Battagram (بټګرام) is a city and Union Council of Battagram District in Khyber Pakhtunkhwa Province of Pakistan. It is located at 34°41'N 73°1'E and has an altitude of 1038 metres (3408 feet).

==Climate==
With a mild and generally warm and temperate climate, Battagram features a humid subtropical climate (Cfa) under the Köppen climate classification. The average temperature in Battagram is 18.5 °C, while the annual precipitation averages 1427 mm.

June is the hottest month of the year with an average temperature of 27.9 °C. The coldest month, January, has an average temperature of 7.6 °C.

Climate data for Battagram
| Month | Jan | Feb | Mar | Apr | May | Jun | Jul | Aug | Sep | Oct | Nov | Dec | Year |
| Mean daily maximum °C (°F) | 12.8 (55.0) | 14.8 (58.6) | 19.6 (67.3) | 24.6 (76.3) | 30.0 (86.0) | 35.1 (95.2) | 33.3 (91.9) | 31.5 (88.7) | 30.6 (87.1) | 27.0 (80.6) | 21.6 (70.9) | 15.2 (59.4) | 24.7 (76.4) |
| Daily mean °C (°F) | 7.6 (45.7) | 9.4 (48.9) | 13.8 (56.8) | 18.5 (65.3) | 23.1 (73.6) | 27.9 (82.2) | 27.2 (81.0) | 26.0 (78.8) | 24.4 (75.9) | 19.8 (67.6) | 14.7 (58.5) | 9.5 (49.1) | 18.5 (65.3) |
| Mean daily minimum °C (°F) | 2.4 (36.3) | 4.1 (39.4) | 8.0 (46.4) | 12.4 (54.3) | 16.3 (61.3) | 20.8 (69.4) | 21.2 (70.2) | 20.5 (68.9) | 17.8 (64.0) | 12.7 (54.9) | 7.8 (46.0) | 3.8 (38.8) | 12.3 (54.2) |
| Average precipitation mm (inches) | 128 (5.0) | 205 (8.1) | 231 (9.1) | 148 (5.8) | 71 (2.8) | 51 (2.0) | 192 (7.6) | 163 (6.4) | 61 (2.4) | 39 (1.5) | 57 (2.2) | 81 (3.2) | 1,427 (56.1) |
| Average precipitation days | 7 | 9 | 10 | 9 | 8 | 7 | 17 | 16 | 7 | 4 | 4 | 5 | 103 |
Source: Climate-Data.org

==Education ==

| Schools of Battagram | Location | Colleges of Battagram | Location |
| Government Centennial Model High School, Battagram | near DHQ Hospital Battagram | Government Degree College, Battagram | Opposite Karakoram Highway (KKH N35), Chappargram. |
| Young Muslim Public School and College, Battagram | Boys Branch located near Police Station, Ajmera. | Sir Sayed institute of learning (SILM) school and College, Battagram | Boys Branch located near jahil mord , Girls Branch located near Wapda Office, Battagram | Young Muslim Public School & College, Battagram | Boys Branch located near Police Station, Battagram.

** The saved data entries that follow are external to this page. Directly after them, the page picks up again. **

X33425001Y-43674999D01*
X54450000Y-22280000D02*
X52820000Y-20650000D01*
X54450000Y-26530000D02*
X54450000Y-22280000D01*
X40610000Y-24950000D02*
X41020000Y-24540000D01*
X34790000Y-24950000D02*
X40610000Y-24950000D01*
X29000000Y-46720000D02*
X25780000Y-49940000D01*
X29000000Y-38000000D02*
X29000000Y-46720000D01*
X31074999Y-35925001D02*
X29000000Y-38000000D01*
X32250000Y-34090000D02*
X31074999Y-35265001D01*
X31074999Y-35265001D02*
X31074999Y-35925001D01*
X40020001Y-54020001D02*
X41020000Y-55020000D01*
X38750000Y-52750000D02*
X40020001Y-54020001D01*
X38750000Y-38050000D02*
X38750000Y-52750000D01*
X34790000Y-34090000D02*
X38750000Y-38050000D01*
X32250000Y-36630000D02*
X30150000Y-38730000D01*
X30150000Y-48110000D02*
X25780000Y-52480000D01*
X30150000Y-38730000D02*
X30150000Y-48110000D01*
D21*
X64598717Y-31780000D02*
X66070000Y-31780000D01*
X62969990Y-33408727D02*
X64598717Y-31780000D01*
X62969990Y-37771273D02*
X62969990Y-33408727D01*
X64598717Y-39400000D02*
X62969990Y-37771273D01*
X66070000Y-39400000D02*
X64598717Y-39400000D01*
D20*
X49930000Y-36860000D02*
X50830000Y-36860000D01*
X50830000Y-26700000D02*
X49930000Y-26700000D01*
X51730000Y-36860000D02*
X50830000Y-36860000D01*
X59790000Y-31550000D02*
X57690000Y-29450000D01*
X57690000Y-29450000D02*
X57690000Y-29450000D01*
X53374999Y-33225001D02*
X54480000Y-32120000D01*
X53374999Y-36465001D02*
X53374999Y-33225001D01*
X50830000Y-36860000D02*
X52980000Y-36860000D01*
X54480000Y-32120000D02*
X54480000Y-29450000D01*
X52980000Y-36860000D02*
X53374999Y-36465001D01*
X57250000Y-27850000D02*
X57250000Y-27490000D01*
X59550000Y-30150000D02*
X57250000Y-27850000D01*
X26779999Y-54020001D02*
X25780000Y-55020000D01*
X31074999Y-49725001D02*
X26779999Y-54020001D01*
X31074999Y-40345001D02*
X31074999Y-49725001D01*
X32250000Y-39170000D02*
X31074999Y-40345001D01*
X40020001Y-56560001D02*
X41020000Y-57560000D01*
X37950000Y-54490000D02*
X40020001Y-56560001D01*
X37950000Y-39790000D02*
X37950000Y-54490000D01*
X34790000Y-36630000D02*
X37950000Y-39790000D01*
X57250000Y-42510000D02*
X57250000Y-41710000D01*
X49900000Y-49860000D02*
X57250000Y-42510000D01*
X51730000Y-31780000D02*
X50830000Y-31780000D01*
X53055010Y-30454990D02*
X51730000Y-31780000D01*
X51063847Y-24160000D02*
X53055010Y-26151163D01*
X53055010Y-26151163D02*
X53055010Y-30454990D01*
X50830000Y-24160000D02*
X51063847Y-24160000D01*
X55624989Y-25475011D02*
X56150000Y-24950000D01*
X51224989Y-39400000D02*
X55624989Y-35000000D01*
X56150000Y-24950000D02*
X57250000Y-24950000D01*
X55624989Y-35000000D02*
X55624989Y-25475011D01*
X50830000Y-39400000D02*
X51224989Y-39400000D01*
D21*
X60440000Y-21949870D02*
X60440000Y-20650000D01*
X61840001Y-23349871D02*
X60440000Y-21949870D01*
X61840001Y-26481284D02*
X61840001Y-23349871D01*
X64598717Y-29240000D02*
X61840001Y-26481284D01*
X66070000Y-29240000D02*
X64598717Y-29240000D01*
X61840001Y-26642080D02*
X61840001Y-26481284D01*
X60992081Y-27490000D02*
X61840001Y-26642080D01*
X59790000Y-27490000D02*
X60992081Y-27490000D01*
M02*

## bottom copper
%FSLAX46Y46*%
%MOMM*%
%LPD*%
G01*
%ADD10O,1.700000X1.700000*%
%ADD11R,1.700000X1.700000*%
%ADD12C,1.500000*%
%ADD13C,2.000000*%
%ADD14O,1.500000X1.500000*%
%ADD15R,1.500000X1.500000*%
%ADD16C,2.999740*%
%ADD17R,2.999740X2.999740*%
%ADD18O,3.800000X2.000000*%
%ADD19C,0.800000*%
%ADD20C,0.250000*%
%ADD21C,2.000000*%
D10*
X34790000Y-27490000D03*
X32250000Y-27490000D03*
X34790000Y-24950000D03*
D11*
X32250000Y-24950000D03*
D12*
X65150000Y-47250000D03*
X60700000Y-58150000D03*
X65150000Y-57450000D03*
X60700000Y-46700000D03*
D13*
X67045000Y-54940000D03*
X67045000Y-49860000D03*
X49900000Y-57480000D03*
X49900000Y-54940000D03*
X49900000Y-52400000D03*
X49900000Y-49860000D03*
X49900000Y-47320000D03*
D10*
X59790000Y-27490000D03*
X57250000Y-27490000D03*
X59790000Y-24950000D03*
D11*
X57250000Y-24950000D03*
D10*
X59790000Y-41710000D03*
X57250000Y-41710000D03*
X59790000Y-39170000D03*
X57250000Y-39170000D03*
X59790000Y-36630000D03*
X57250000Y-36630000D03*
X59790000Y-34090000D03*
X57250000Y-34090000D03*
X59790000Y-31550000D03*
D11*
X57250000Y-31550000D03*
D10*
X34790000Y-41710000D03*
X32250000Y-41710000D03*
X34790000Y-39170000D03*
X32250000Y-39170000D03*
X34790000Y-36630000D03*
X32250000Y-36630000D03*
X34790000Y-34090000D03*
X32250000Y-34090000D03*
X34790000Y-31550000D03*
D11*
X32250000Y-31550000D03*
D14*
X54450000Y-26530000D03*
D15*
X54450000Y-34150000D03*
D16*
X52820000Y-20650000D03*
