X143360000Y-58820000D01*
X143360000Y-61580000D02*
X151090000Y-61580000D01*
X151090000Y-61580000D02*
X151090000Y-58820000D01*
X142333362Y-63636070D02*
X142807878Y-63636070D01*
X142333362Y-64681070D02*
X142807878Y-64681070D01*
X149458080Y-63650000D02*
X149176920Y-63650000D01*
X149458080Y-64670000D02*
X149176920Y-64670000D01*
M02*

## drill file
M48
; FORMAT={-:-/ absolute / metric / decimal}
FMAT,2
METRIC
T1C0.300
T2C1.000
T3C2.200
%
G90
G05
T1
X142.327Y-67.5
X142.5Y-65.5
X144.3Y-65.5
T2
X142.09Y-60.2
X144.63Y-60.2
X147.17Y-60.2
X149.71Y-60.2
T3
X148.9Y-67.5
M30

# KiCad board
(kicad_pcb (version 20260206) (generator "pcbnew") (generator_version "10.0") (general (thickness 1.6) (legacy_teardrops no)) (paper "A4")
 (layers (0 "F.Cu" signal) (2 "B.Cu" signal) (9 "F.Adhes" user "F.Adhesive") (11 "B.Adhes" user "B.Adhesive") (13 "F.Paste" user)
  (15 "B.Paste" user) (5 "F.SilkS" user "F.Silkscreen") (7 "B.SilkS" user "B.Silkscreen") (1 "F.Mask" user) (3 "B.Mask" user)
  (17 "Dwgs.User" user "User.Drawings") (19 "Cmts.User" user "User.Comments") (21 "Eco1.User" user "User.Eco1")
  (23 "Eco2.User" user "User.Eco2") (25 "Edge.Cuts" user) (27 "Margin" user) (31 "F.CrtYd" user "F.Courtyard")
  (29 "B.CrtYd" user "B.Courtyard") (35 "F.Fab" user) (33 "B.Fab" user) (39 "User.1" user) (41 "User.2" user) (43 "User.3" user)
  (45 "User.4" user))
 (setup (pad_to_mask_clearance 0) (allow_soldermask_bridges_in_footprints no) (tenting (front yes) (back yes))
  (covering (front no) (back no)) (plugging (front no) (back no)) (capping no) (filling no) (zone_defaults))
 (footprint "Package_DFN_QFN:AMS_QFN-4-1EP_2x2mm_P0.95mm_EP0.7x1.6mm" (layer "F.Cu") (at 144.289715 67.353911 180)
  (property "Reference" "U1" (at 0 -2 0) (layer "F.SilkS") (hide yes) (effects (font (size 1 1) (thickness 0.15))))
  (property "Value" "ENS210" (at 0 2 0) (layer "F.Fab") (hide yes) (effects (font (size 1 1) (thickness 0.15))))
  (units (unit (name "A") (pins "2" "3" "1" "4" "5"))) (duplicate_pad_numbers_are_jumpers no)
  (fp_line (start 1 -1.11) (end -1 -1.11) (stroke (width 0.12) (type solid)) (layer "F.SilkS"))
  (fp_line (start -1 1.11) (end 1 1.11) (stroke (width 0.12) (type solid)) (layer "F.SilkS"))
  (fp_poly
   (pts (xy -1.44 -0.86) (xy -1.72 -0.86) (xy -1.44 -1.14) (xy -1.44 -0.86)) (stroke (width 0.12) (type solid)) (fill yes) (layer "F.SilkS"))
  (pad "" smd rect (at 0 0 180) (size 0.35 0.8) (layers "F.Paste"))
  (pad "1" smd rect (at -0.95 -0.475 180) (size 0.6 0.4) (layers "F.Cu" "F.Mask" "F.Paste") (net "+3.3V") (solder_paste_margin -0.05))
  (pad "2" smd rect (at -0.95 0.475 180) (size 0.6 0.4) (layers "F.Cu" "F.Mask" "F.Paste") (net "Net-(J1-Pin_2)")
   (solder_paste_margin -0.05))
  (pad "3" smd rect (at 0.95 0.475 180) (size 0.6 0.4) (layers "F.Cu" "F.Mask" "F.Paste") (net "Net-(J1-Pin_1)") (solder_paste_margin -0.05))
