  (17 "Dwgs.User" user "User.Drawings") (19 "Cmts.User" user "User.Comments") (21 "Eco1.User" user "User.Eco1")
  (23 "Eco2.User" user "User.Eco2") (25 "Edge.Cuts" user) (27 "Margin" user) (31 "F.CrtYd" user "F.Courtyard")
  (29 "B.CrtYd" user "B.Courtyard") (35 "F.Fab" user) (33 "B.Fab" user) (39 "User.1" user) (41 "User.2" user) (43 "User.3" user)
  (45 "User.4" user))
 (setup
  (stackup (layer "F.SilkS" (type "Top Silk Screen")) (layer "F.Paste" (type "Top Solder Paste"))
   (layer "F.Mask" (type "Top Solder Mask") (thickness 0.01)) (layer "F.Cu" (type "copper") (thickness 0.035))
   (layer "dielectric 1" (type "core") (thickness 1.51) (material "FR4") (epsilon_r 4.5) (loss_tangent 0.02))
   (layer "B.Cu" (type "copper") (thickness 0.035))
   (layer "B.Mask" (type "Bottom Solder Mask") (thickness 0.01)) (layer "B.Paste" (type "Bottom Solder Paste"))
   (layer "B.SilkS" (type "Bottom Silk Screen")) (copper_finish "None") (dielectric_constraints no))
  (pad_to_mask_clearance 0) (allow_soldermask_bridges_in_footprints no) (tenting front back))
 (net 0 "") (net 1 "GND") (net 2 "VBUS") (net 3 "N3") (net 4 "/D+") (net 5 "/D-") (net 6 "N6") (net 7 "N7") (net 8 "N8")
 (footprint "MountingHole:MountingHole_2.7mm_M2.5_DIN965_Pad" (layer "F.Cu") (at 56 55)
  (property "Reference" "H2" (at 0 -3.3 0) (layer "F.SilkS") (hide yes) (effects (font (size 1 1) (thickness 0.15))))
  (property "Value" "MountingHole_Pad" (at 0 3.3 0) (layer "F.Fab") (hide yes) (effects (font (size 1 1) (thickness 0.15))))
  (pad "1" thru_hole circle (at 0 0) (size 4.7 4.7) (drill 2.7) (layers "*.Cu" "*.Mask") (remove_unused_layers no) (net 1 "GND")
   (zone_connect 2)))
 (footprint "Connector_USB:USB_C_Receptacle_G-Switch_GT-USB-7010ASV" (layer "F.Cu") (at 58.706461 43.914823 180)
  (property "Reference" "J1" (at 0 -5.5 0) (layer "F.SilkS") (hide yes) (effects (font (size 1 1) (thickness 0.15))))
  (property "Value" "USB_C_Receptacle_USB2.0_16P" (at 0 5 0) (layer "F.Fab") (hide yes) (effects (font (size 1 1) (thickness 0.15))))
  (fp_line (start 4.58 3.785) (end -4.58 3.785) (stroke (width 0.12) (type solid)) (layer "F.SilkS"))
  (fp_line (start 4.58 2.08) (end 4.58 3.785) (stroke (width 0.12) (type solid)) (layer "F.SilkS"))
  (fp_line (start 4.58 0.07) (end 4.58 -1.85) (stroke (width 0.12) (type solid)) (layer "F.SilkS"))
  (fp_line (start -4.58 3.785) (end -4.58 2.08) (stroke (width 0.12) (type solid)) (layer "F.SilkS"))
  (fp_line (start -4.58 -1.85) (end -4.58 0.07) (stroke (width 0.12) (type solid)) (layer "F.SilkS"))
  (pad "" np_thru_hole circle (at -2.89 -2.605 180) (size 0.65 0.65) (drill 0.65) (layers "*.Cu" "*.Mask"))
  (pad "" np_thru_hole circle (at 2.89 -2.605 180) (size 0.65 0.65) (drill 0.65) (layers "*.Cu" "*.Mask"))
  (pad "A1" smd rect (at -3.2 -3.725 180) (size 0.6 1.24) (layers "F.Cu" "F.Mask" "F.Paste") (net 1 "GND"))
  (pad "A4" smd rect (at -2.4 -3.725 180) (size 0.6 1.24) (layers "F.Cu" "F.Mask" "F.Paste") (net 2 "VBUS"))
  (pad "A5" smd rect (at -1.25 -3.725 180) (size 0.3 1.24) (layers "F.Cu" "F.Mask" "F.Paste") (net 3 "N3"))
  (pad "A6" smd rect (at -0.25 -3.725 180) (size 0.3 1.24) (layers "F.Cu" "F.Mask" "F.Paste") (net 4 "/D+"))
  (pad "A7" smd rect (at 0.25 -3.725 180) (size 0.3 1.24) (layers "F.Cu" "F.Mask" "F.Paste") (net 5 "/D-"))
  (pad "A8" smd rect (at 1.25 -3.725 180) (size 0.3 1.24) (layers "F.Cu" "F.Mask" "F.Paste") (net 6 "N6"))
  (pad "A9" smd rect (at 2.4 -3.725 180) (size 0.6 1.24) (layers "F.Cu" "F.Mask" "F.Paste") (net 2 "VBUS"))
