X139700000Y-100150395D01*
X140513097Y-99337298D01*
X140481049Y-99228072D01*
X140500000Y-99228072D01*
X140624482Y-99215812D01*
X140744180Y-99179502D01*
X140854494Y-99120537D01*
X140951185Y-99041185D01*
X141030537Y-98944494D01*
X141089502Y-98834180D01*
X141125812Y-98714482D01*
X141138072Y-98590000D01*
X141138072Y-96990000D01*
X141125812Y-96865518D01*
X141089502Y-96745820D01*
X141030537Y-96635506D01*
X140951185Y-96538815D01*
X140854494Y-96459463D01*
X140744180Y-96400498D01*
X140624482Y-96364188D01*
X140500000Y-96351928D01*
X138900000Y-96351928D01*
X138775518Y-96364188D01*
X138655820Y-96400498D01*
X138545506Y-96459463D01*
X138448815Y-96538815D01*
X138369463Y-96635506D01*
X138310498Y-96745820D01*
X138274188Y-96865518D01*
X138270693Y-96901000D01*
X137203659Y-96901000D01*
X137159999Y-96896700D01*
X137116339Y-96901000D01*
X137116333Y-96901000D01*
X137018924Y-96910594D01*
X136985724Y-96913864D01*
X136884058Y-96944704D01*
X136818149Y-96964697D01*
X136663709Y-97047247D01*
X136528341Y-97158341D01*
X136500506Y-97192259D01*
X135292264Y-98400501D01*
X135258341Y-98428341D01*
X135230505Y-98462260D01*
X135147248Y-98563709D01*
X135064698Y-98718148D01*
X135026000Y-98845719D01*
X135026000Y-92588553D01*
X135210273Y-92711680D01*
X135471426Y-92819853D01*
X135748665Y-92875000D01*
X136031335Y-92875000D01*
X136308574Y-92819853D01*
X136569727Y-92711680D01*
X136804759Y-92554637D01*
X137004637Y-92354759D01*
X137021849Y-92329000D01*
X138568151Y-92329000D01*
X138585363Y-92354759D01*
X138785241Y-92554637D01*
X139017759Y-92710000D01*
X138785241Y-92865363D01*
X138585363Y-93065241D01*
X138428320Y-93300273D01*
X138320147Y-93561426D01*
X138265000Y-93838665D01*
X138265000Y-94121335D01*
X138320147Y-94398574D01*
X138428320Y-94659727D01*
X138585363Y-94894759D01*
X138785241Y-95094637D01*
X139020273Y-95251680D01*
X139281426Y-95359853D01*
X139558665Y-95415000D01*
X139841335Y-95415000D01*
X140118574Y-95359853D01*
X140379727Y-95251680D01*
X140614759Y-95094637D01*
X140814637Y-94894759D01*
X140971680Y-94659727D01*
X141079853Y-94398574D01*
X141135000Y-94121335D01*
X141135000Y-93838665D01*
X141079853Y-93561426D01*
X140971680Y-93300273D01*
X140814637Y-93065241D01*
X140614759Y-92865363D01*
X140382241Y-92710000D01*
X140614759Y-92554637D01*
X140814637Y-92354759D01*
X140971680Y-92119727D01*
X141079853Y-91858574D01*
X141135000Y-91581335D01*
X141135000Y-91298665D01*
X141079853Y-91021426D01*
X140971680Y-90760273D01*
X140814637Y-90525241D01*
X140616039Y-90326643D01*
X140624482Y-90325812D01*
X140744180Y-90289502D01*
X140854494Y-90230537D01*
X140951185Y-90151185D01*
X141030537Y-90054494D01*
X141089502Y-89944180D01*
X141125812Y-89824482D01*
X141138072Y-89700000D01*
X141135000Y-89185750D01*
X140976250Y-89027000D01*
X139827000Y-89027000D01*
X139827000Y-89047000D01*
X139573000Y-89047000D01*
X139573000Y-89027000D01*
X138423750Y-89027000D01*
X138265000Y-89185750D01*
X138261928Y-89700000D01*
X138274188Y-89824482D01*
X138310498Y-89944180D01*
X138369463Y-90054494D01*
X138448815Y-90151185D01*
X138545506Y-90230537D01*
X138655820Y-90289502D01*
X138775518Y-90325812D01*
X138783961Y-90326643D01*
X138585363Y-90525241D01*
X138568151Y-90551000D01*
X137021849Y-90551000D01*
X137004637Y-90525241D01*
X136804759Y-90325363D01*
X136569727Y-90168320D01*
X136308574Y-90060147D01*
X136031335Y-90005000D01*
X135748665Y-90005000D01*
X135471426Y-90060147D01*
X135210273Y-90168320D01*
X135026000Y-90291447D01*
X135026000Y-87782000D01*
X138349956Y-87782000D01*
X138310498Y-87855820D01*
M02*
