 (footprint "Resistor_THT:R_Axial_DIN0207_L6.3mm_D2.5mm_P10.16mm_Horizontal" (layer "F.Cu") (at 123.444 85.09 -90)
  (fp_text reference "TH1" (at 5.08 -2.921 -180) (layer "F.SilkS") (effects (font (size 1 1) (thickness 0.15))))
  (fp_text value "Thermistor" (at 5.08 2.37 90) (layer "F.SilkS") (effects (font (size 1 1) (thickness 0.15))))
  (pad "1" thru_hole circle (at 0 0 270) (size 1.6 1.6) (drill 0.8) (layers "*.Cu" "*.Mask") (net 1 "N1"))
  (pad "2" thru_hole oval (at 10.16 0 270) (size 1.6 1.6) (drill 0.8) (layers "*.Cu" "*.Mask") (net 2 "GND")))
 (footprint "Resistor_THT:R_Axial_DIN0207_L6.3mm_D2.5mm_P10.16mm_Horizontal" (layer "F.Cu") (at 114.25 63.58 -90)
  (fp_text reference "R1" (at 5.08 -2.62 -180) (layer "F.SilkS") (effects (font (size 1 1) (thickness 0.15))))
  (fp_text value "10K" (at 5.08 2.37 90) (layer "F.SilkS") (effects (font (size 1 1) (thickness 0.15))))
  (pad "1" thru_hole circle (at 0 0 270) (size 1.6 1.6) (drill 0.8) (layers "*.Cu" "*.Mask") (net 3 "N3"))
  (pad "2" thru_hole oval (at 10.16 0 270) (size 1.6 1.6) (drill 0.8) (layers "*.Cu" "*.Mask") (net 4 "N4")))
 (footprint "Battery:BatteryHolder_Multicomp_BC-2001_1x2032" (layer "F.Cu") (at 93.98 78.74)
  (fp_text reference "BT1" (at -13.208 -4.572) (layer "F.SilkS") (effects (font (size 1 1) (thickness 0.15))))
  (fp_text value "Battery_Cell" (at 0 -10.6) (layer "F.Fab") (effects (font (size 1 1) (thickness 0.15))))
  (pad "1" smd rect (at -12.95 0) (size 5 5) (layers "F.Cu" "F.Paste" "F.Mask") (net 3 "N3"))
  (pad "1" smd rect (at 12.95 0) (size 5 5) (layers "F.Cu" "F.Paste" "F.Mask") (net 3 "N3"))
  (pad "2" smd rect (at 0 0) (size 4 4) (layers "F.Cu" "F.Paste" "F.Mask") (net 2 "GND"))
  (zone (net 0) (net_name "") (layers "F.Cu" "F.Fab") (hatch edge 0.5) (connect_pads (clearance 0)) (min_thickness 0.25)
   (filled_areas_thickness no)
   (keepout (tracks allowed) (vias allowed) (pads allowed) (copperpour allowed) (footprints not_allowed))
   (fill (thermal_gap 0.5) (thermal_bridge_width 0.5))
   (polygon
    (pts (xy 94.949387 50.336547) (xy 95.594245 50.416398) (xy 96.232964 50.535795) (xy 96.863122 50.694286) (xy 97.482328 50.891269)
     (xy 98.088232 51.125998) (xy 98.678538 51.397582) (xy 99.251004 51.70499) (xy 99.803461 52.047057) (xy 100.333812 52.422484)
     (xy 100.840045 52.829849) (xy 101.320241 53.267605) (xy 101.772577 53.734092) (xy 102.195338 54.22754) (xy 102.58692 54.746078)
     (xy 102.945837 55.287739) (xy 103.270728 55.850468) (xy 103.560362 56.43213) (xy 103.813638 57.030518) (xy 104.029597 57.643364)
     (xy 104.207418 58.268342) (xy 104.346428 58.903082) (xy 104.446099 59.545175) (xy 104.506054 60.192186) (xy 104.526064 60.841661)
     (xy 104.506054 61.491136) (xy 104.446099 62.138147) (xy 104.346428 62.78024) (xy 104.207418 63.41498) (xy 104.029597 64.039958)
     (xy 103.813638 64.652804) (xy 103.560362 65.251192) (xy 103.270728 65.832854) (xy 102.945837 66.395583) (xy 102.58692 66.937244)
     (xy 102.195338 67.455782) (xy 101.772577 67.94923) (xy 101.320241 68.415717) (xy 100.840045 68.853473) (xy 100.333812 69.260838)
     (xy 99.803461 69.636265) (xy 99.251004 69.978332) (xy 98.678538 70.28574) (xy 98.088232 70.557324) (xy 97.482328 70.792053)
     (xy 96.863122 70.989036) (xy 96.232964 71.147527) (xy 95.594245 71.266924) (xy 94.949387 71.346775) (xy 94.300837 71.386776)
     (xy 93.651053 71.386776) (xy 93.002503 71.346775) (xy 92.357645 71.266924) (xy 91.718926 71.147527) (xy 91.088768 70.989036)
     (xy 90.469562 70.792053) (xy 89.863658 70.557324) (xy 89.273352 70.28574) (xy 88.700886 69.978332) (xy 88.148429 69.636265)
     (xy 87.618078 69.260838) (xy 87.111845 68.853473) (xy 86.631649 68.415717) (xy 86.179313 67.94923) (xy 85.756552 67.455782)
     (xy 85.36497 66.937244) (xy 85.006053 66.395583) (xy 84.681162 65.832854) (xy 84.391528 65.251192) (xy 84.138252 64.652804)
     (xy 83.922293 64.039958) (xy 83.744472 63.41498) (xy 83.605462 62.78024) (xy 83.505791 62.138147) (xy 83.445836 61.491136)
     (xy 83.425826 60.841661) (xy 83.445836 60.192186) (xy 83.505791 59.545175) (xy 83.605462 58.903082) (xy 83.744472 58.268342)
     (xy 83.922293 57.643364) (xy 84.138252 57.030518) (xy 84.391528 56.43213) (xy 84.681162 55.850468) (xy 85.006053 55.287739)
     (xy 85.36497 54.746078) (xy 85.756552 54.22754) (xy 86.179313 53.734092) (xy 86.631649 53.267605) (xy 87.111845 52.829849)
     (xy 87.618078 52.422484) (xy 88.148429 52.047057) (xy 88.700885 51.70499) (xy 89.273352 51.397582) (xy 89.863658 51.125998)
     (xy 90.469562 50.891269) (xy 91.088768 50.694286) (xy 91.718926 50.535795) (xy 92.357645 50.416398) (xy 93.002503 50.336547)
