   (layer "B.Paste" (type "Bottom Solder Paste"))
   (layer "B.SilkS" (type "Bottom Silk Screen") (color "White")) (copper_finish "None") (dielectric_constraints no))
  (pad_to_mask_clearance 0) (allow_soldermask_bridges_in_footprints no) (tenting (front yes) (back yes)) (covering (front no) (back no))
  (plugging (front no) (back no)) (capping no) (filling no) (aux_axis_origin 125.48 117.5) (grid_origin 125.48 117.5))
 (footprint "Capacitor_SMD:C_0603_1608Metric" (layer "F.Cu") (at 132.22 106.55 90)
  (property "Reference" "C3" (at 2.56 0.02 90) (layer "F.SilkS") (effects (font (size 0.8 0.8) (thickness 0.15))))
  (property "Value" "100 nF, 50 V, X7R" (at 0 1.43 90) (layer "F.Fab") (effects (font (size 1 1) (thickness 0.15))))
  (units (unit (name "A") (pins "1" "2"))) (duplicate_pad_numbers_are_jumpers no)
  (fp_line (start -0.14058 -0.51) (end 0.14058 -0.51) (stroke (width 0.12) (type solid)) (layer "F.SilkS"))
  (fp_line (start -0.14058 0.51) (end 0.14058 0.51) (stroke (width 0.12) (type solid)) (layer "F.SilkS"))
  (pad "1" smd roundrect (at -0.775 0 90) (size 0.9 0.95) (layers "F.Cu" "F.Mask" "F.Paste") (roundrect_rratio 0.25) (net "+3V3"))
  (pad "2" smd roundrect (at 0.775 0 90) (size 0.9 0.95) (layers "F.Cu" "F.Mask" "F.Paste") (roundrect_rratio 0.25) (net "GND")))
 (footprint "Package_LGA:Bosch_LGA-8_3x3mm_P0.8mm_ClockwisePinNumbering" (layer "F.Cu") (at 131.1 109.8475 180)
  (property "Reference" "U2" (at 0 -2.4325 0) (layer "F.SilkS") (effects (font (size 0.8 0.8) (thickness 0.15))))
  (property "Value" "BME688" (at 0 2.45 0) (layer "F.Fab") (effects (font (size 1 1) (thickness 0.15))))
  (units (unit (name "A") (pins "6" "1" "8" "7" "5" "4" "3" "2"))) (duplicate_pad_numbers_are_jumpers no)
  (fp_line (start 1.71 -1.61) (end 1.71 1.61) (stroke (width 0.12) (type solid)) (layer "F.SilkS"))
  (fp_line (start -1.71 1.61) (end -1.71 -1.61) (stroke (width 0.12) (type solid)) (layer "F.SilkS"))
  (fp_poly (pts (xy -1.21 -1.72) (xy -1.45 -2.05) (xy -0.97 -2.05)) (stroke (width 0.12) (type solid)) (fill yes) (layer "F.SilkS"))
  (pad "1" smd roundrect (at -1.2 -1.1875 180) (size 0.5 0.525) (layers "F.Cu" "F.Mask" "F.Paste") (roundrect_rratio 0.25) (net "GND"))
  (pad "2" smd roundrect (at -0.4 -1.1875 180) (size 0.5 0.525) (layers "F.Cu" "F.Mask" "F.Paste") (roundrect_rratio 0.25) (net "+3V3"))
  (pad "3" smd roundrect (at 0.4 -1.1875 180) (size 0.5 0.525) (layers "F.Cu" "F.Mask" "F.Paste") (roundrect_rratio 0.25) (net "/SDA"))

Girls Branch located near Wapda Office, Battagram |
| Al Syed Garden Public School and College, Battagram | Near Vagon Adda, Ajmera | Sir Syed Institute of Learning & Motivation, Battagram | Near Sub-Jail Battagram |
| Al-Ezzah Academy, Battagram | Karakoram highway, near Tamai road, Ajmera | Zahid Public High School & College, Battagram | Banya Road, Kuzabanda Mira |
| The Rising Star Public School, Battagram | N/A | Sky Hawk International Public School & College, Battagram | Near PSO Petrol Pump, Battagram. |
| Pace Institute of I.T Battagram | Oppt. TMA Office, near Ajmera Road, United Market Battagram |  |  |

The schools are being built with the help of several NGOs and foreign funds to improve the literacy rate of the people.

==2005 earthquake==

Battagram was among the areas affected by the earthquake of 8 October 2005, where more than 4,500 people were killed and approximately 35,000 were injured.

==Administration==
Battagram District is divided into two tehsils, the proper Battagram and Allai (which are Banna, Bateela, Batkul, Biari, Jambera, Pashto, Rashang and Sakargah). Proper Battagram main city is a tehsil and district headquarters and is also one of 20 Union Councils of the District of Battagram.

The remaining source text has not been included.